Améliorer la gestion des eaux souterraines au Tchad : un atelier national à N’Djamena

Améliorer la gestion des eaux souterraines au Tchad : un atelier national à N’Djamena

Améliorer la gestion des eaux souterraines au Tchad : un atelier national à N’Djamena

Un atelier de trois jours à N’Djamena réunit acteurs publics, société civile et experts pour élaborer un plan d’action visant à renforcer la gouvernance des eaux souterraines au Tchad, cruciales pour la sécurité hydrique et le développement durable.

Gouvernance des eaux souterraines : un atelier pour renforcer la gestion durable de la ressource au Tchad

Ce mardi 16 juin 2026, un atelier national de trois jours a débuté à N’Djamena, rassemblant une cinquantaine de participants issus des institutions publiques, de la société civile, des partenaires techniques et des usagers. L’objectif est de coconstruire un plan d’action pour améliorer la gestion des eaux souterraines et faire face aux risques sur leur quantité et leur qualité.

Les eaux souterraines sont essentielles à la sécurité hydrique du Tchad : elles fournissent de l’eau potable, soutiennent l’irrigation, les systèmes pastoraux et le développement urbain, surtout dans les zones affectées par le stress climatique. C’est pourquoi cet atelier vise à établir un plan d’action partagé pour renforcer la gouvernance et répondre aux priorités liées aux risques sur cette ressource.

Natascha Paddison, représentante de l’UNICEF, a ouvert les travaux en rappelant le devoir collectif de garantir à chaque enfant un accès équitable à l’eau potable, à l’hygiène et à l’assainissement. Selon elle, chaque décision technique sur les eaux souterraines a un impact direct sur la santé, l’éducation et la dignité des populations.

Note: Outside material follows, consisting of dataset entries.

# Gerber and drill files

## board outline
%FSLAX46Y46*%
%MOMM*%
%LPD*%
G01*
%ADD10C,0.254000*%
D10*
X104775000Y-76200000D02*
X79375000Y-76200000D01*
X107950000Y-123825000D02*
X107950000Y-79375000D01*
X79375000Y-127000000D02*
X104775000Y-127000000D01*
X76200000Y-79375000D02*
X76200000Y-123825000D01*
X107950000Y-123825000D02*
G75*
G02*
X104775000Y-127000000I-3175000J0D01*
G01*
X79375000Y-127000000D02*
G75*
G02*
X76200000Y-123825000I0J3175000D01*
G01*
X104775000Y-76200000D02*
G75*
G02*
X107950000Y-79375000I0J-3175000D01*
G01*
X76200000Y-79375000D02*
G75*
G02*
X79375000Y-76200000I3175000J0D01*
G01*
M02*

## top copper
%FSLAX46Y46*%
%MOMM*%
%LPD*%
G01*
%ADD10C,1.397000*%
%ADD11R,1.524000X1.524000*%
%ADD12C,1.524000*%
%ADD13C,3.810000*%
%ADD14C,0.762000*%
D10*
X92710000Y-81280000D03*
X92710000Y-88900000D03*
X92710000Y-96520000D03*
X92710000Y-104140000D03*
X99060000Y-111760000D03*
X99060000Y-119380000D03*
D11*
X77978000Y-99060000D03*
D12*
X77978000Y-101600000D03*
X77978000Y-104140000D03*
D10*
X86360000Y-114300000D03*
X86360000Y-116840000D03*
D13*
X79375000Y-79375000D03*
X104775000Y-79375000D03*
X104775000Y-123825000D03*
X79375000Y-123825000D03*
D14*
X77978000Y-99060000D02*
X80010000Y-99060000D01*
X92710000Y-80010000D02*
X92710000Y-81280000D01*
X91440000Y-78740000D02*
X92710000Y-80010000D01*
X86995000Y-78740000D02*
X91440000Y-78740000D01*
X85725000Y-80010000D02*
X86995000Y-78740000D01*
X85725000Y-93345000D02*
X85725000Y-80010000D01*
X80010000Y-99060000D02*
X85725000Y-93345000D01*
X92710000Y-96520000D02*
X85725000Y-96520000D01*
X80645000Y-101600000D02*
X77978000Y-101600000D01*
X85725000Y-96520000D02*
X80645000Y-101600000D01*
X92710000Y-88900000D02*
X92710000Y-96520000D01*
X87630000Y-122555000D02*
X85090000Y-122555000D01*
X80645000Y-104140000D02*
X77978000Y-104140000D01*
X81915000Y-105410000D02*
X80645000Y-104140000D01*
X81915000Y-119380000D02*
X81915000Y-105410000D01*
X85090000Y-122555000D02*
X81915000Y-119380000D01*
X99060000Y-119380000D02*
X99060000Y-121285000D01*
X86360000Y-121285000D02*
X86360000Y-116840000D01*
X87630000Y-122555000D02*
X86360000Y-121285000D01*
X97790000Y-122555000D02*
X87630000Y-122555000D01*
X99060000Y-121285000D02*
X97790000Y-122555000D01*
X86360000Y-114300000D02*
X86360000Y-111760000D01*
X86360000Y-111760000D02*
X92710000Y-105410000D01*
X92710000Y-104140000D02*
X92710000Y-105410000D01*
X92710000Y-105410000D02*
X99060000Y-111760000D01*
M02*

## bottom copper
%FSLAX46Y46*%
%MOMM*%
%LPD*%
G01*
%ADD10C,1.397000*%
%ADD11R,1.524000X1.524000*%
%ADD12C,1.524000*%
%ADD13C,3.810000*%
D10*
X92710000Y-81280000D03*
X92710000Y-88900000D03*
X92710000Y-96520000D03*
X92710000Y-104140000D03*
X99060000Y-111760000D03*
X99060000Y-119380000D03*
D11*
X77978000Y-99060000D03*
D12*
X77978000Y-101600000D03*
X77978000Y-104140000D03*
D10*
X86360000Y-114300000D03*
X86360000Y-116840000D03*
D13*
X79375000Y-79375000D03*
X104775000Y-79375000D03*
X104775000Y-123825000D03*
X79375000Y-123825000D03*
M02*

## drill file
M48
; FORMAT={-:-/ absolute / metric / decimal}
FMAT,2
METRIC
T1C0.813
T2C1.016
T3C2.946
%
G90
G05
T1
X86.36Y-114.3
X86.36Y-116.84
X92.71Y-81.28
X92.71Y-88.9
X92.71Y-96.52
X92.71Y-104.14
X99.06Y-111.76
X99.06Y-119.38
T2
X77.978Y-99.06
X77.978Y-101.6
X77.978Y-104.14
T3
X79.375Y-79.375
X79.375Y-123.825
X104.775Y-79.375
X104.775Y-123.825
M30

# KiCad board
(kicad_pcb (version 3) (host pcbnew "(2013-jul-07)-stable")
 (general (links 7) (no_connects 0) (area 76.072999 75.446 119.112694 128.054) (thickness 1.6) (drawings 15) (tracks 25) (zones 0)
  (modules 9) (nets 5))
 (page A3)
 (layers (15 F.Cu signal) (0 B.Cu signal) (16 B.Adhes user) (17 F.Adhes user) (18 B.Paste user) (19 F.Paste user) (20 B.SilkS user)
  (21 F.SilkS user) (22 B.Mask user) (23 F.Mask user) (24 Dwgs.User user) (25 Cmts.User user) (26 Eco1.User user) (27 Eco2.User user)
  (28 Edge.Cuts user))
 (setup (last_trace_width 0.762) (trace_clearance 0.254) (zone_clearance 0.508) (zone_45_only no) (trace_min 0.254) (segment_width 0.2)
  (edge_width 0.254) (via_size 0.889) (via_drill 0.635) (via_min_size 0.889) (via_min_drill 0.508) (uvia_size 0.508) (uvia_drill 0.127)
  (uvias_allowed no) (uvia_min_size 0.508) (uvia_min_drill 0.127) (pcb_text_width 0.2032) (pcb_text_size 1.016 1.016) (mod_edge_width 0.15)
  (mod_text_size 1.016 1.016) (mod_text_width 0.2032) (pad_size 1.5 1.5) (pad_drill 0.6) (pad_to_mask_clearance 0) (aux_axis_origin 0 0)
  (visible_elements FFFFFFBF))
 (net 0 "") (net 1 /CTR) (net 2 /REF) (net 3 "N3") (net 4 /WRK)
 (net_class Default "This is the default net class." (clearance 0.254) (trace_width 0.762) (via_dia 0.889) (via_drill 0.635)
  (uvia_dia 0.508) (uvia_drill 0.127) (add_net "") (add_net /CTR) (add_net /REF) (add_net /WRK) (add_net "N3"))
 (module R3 (layer F.Cu) (at 92.71 85.09 270) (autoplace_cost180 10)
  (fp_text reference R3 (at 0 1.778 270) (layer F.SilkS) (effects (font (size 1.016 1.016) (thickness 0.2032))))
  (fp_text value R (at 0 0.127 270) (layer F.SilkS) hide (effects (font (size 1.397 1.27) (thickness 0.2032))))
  (pad 1 thru_hole circle (at -3.81 0 270) (size 1.397 1.397) (drill 0.8128) (layers *.Cu *.Mask F.SilkS) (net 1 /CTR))
  (pad 2 thru_hole circle (at 3.81 0 270) (size 1.397 1.397) (drill 0.8128) (layers *.Cu *.Mask F.SilkS) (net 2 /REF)))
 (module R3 (layer F.Cu) (at 92.71 100.33 270) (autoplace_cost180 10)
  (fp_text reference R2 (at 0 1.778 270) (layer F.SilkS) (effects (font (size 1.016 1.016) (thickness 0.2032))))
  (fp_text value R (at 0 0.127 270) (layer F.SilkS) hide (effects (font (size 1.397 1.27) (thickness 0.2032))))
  (pad 1 thru_hole circle (at -3.81 0 270) (size 1.397 1.397) (drill 0.8128) (layers *.Cu *.Mask F.SilkS) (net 2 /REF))
  (pad 2 thru_hole circle (at 3.81 0 270) (size 1.397 1.397) (drill 0.8128) (layers *.Cu *.Mask F.SilkS) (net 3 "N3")))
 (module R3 (layer F.Cu) (at 99.06 115.57 270) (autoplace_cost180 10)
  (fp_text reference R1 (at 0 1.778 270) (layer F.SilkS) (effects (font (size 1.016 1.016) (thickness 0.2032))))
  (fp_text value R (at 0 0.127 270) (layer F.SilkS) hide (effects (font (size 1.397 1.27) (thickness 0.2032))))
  (pad 1 thru_hole circle (at -3.81 0 270) (size 1.397 1.397) (drill 0.8128) (layers *.Cu *.Mask F.SilkS) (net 3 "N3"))
  (pad 2 thru_hole circle (at 3.81 0 270) (size 1.397 1.397) (drill 0.8128) (layers *.Cu *.Mask F.SilkS) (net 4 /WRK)))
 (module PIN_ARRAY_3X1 (layer F.Cu) (at 77.978 101.6 270)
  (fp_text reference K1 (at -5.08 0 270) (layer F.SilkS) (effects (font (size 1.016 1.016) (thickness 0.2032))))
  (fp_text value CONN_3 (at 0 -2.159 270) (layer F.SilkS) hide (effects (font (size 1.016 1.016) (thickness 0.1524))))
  (pad 1 thru_hole rect (at -2.54 0 270) (size 1.524 1.524) (drill 1.016) (layers *.Cu *.Mask F.SilkS) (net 1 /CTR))
  (pad 2 thru_hole circle (at 0 0 270) (size 1.524 1.524) (drill 1.016) (layers *.Cu *.Mask F.SilkS) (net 2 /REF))
  (pad 3 thru_hole circle (at 2.54 0 270) (size 1.524 1.524) (drill 1.016) (layers *.Cu *.Mask F.SilkS) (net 4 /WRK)))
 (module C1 (layer F.Cu) (at 86.36 115.57 270)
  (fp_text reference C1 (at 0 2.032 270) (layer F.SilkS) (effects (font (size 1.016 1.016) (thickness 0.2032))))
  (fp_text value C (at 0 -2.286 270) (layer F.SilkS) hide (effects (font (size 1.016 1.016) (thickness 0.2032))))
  (pad 1 thru_hole circle (at -1.27 0 270) (size 1.397 1.397) (drill 0.8128) (layers *.Cu *.Mask F.SilkS) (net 3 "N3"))
  (pad 2 thru_hole circle (at 1.27 0 270) (size 1.397 1.397) (drill 0.8128) (layers *.Cu *.Mask F.SilkS) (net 4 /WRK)))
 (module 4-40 (layer F.Cu) (at 79.375 79.375)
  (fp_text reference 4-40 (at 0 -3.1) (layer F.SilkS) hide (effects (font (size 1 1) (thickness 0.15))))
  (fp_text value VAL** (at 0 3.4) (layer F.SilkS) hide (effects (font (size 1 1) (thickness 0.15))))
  (pad "" thru_hole circle (at 0 0) (size 3.81 3.81) (drill 2.9464) (layers *.Cu *.Mask F.SilkS)))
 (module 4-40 (layer F.Cu) (at 104.775 79.375)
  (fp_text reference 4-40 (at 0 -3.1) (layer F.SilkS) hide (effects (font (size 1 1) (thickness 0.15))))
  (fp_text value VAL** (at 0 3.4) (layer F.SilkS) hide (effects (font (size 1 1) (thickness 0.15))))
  (pad "" thru_hole circle (at 0 0) (size 3.81 3.81) (drill 2.9464) (layers *.Cu *.Mask F.SilkS)))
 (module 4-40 (layer F.Cu) (at 104.775 123.825)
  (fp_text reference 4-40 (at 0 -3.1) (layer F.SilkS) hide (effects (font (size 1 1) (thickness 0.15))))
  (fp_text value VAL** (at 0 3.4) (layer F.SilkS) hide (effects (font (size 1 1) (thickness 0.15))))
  (pad "" thru_hole circle (at 0 0) (size 3.81 3.81) (drill 2.9464) (layers *.Cu *.Mask F.SilkS)))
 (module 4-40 (layer F.Cu) (at 79.375 123.825)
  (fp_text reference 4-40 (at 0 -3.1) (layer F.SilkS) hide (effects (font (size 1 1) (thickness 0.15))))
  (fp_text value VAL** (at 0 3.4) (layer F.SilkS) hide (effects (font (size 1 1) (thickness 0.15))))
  (pad "" thru_hole circle (at 0 0) (size 3.81 3.81) (drill 2.9464) (layers *.Cu *.Mask F.SilkS)))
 (gr_line (start 104.775 76.2) (end 79.375 76.2) (angle 90) (layer Edge.Cuts) (width 0.254))
 (gr_line (start 107.95 123.825) (end 107.95 79.375) (angle 90) (layer Edge.Cuts) (width 0.254))
 (gr_line (start 79.375 127) (end 104.775 127) (angle 90) (layer Edge.Cuts) (width 0.254))
 (gr_line (start 76.2 79.375) (end 76.2 123.825) (angle 90) (layer Edge.Cuts) (width 0.254))
 (gr_arc (start 104.775 123.825) (end 107.95 123.825) (angle 90) (layer Edge.Cuts) (width 0.254))
 (gr_arc (start 79.375 123.825) (end 79.375 127) (angle 90) (layer Edge.Cuts) (width 0.254))
 (gr_arc (start 104.775 79.375) (end 104.775 76.2) (angle 90) (layer Edge.Cuts) (width 0.254))
 (gr_arc (start 79.375 79.375) (end 76.2 79.375) (angle 90) (layer Edge.Cuts) (width 0.254))
 (segment (start 77.978 99.06) (end 80.01 99.06) (width 0.762) (layer F.Cu) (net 1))
 (segment (start 92.71 80.01) (end 92.71 81.28) (width 0.762) (layer F.Cu) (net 1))
 (segment (start 91.44 78.74) (end 92.71 80.01) (width 0.762) (layer F.Cu) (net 1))
 (segment (start 86.995 78.74) (end 91.44 78.74) (width 0.762) (layer F.Cu) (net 1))
 (segment (start 85.725 80.01) (end 86.995 78.74) (width 0.762) (layer F.Cu) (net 1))
 (segment (start 85.725 93.345) (end 85.725 80.01) (width 0.762) (layer F.Cu) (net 1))
 (segment (start 80.01 99.06) (end 85.725 93.345) (width 0.762) (layer F.Cu) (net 1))
 (segment (start 92.71 96.52) (end 85.725 96.52) (width 0.762) (layer F.Cu) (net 2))
 (segment (start 80.645 101.6) (end 77.978 101.6) (width 0.762) (layer F.Cu) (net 2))
 (segment (start 85.725 96.52) (end 80.645 101.6) (width 0.762) (layer F.Cu) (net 2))
 (segment (start 92.71 88.9) (end 92.71 96.52) (width 0.762) (layer F.Cu) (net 2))
 (segment (start 87.63 122.555) (end 85.09 122.555) (width 0.762) (layer F.Cu) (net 4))
 (segment (start 80.645 104.14) (end 77.978 104.14) (width 0.762) (layer F.Cu) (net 4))
 (segment (start 81.915 105.41) (end 80.645 104.14) (width 0.762) (layer F.Cu) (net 4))
 (segment (start 81.915 119.38) (end 81.915 105.41) (width 0.762) (layer F.Cu) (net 4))
 (segment (start 85.09 122.555) (end 81.915 119.38) (width 0.762) (layer F.Cu) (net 4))
 (segment (start 99.06 119.38) (end 99.06 121.285) (width 0.762) (layer F.Cu) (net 4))
 (segment (start 86.36 121.285) (end 86.36 116.84) (width 0.762) (layer F.Cu) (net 4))
 (segment (start 87.63 122.555) (end 86.36 121.285) (width 0.762) (layer F.Cu) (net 4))
 (segment (start 97.79 122.555) (end 87.63 122.555) (width 0.762) (layer F.Cu) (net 4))
 (segment (start 99.06 121.285) (end 97.79 122.555) (width 0.762) (layer F.Cu) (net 4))
 (segment (start 86.36 114.3) (end 86.36 111.76) (width 0.762) (layer F.Cu) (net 3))
 (segment (start 86.36 111.76) (end 92.71 105.41) (width 0.762) (layer F.Cu) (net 3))
 (segment (start 92.71 104.14) (end 92.71 105.41) (width 0.762) (layer F.Cu) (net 3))
 (segment (start 92.71 105.41) (end 99.06 111.76) (width 0.762) (layer F.Cu) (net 3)))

Elle a invité les participants à partager leurs connaissances, identifier les risques prioritaires et élaborer des solutions concrètes. Les ressources en eaux souterraines doivent être une assurance santé et un levier de développement, non une source de conflit, tout en préservant les générations futures.

La représentante de l’UNICEF a réaffirmé l’engagement de son organisation à soutenir le gouvernement tchadien dans ce processus, et a remercié le Royaume-Uni, via son ministère des Affaires étrangères, pour son appui ayant permis la tenue de l’atelier.

La directrice générale des Ressources en eau, Fatimé Hassan, a précisé que l’atelier vise à élaborer un plan d’action concerté. Les échanges permettront de partager une compréhension commune de la situation, d’identifier les enjeux de gouvernance et de définir les actions nécessaires. Les résultats seront consignés dans un rapport et une note d’orientation technique intégrant l’évaluation exploratoire nationale 2026 sur les risques liés aux eaux souterraines.

L’atelier réunit une cinquantaine de participants : autorités nationales de l’eau, ministères, organisations régionales, partenaires techniques et financiers, agences onusiennes, ONG, secteur privé, usagers et experts. Les échanges doivent déboucher sur des recommandations concrètes pour une gestion plus efficace, inclusive et durable des eaux souterraines au Tchad.